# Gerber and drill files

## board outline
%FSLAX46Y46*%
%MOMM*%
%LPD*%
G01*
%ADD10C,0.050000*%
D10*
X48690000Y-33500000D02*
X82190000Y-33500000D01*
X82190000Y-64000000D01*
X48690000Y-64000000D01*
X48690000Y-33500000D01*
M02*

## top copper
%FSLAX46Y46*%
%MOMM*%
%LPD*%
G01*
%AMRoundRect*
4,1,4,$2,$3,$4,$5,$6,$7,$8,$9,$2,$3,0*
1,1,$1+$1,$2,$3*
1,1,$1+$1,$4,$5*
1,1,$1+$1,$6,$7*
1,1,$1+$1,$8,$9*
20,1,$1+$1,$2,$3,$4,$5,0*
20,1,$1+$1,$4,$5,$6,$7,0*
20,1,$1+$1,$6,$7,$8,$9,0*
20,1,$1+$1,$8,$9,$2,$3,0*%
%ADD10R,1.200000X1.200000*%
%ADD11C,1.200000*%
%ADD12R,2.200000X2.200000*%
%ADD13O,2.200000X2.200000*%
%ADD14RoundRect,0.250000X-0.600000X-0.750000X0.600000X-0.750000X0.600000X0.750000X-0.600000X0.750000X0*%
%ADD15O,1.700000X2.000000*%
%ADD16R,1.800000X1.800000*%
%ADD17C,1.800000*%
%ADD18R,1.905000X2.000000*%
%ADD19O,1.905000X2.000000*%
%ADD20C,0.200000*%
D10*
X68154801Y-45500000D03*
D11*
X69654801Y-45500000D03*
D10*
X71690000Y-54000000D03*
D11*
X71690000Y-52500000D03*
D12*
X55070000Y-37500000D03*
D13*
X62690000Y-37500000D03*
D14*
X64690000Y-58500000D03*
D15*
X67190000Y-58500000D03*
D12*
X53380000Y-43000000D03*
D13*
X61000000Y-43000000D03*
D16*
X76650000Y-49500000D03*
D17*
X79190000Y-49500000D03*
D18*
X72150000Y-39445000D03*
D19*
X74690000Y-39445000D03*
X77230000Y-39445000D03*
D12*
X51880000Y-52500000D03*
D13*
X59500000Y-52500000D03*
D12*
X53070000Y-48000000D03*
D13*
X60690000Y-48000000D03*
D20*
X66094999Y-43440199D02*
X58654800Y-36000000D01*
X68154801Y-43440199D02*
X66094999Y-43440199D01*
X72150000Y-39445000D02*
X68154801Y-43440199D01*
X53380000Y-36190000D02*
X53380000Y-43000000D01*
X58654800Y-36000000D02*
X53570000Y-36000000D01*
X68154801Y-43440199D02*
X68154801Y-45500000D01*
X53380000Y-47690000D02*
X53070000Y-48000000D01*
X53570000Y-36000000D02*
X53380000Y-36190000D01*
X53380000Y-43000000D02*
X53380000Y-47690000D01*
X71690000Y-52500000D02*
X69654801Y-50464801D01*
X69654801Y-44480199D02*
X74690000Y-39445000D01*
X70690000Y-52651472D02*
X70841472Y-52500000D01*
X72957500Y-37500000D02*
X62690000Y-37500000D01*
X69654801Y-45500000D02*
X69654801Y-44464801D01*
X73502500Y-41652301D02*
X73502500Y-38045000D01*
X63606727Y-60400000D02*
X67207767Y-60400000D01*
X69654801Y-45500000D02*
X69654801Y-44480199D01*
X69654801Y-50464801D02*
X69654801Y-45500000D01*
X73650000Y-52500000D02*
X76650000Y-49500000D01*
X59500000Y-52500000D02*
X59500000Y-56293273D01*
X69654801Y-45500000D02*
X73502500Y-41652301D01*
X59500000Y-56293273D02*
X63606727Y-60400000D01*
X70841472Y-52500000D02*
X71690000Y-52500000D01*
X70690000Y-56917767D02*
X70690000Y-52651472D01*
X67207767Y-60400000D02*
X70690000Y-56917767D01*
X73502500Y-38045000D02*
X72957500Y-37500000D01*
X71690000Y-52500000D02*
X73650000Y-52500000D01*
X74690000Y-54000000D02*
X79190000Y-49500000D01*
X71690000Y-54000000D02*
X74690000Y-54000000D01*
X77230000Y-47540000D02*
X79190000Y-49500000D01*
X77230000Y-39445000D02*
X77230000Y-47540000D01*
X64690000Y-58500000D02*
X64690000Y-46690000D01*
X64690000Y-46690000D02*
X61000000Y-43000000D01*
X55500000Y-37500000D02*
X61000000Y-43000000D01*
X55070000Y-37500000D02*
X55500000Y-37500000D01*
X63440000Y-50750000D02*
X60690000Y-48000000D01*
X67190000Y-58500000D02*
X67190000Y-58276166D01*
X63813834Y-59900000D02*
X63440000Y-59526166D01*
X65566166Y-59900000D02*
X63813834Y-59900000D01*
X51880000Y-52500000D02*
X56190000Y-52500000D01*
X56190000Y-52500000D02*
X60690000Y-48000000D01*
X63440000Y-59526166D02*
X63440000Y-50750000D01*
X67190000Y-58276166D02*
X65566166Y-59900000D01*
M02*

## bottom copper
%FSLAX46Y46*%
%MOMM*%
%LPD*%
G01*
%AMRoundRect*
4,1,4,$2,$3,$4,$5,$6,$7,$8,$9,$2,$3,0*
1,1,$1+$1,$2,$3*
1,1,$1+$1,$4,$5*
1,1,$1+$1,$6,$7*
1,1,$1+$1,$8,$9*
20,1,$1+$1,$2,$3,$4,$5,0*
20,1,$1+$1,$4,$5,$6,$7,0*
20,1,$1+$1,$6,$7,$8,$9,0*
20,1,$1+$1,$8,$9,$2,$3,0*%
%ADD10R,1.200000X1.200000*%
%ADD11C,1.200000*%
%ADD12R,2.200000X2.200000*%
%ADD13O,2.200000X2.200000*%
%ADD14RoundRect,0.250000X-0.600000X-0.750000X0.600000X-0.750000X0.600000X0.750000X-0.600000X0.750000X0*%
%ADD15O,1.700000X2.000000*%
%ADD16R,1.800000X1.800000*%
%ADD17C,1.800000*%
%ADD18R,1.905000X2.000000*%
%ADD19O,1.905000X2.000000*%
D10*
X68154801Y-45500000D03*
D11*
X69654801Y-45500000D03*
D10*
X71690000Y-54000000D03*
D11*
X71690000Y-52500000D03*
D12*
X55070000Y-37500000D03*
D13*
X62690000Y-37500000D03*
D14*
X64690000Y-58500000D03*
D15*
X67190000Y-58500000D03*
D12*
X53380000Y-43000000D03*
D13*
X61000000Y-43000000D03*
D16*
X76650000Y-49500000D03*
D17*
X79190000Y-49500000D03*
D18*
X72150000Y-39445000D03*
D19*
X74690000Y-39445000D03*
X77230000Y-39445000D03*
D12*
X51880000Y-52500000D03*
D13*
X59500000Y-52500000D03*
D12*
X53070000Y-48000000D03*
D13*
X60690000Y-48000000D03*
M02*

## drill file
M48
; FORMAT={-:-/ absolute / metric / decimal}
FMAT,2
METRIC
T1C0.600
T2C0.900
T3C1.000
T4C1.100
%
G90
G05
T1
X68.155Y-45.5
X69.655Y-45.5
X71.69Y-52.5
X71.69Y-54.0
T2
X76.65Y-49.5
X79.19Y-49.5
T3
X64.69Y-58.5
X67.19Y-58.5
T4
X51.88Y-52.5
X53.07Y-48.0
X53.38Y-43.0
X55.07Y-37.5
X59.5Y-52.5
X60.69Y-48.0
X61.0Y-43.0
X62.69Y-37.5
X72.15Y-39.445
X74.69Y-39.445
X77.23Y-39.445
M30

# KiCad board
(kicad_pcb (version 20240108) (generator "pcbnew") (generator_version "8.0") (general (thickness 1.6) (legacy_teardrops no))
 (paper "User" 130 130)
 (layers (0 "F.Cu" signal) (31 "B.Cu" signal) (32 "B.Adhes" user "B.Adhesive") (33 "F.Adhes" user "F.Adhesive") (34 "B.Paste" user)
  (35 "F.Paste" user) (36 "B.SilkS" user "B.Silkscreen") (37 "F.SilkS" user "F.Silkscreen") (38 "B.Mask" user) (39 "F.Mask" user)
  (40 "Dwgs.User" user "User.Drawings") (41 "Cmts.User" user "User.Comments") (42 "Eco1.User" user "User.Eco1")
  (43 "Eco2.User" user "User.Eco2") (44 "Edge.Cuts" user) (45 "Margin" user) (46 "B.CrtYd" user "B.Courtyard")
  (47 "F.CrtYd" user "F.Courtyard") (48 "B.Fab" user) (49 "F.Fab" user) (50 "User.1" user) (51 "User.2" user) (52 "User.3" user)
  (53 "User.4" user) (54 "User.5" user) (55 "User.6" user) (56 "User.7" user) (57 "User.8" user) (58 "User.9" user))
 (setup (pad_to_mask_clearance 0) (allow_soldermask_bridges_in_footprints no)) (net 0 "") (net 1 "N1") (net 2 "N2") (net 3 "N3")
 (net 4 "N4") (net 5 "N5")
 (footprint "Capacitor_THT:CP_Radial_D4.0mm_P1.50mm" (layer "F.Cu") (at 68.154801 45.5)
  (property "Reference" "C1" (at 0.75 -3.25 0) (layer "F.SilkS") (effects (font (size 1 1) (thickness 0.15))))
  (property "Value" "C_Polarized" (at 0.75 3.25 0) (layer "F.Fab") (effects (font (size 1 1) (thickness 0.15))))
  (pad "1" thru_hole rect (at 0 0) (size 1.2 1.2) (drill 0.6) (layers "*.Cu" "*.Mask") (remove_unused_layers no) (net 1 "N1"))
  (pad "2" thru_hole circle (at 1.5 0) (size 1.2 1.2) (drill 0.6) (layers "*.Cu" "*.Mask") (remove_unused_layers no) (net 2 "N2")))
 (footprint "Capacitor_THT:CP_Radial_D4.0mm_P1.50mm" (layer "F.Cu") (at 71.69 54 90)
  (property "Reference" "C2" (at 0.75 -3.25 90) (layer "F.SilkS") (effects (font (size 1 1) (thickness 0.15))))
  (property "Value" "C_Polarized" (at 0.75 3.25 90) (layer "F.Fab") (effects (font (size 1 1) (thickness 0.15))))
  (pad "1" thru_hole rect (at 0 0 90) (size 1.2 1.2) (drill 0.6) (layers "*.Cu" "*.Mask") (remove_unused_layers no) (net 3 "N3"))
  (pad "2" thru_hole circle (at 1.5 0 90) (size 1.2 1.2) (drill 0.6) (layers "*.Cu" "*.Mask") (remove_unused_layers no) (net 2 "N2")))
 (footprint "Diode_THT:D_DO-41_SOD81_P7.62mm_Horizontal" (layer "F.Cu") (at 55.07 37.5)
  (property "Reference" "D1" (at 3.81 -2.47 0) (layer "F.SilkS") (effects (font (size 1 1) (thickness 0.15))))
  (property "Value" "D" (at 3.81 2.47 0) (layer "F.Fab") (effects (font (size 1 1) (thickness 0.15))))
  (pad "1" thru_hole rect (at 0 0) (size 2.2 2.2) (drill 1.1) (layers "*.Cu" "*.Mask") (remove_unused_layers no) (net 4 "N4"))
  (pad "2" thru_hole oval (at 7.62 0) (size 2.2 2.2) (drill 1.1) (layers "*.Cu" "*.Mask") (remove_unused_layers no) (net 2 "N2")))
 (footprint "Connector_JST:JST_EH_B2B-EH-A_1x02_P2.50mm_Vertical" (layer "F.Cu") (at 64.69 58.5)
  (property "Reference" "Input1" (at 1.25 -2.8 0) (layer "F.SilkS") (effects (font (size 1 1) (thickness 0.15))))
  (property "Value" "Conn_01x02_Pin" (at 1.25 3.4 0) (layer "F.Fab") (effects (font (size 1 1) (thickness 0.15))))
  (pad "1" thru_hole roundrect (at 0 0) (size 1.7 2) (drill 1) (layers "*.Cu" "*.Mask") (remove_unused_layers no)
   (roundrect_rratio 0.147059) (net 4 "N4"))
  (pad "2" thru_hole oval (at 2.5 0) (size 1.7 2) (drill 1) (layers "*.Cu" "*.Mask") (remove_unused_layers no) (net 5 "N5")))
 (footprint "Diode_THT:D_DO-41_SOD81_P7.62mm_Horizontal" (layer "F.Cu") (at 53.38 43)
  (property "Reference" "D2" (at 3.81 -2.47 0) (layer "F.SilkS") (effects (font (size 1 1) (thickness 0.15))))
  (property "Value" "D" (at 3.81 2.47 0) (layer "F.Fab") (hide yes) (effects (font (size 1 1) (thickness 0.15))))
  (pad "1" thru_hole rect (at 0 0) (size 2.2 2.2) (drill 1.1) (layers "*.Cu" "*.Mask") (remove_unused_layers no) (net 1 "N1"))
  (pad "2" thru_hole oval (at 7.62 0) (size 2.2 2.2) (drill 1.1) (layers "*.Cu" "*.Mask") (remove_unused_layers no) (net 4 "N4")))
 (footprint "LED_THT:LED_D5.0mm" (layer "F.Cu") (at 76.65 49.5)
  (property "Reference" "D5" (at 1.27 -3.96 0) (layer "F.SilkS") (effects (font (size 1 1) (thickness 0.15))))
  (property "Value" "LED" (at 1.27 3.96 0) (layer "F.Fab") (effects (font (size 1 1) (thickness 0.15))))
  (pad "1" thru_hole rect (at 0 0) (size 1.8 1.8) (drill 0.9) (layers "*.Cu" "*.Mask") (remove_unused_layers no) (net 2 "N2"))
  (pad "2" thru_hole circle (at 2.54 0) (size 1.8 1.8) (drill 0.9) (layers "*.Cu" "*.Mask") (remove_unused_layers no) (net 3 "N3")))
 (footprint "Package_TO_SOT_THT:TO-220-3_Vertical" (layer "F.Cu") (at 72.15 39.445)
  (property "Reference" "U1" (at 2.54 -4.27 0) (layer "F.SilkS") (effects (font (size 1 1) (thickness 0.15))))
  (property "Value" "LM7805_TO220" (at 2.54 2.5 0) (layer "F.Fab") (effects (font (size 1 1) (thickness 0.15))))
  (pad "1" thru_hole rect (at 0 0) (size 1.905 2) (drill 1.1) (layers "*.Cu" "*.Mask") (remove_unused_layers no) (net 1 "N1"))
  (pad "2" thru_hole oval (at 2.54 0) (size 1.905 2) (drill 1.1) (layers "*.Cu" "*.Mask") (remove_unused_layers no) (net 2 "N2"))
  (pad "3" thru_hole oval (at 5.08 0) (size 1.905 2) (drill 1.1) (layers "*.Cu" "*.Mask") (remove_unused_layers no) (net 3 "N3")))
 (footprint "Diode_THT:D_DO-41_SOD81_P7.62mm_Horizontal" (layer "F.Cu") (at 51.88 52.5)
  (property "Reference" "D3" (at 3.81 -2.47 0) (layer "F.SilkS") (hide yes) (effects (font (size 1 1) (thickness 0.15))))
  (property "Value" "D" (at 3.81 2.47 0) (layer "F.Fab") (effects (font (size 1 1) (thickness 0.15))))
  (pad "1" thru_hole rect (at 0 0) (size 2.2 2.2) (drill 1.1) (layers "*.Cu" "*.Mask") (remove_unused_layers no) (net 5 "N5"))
|---|
Only a number is expected here: how many lines of the records above contain "Paste".

2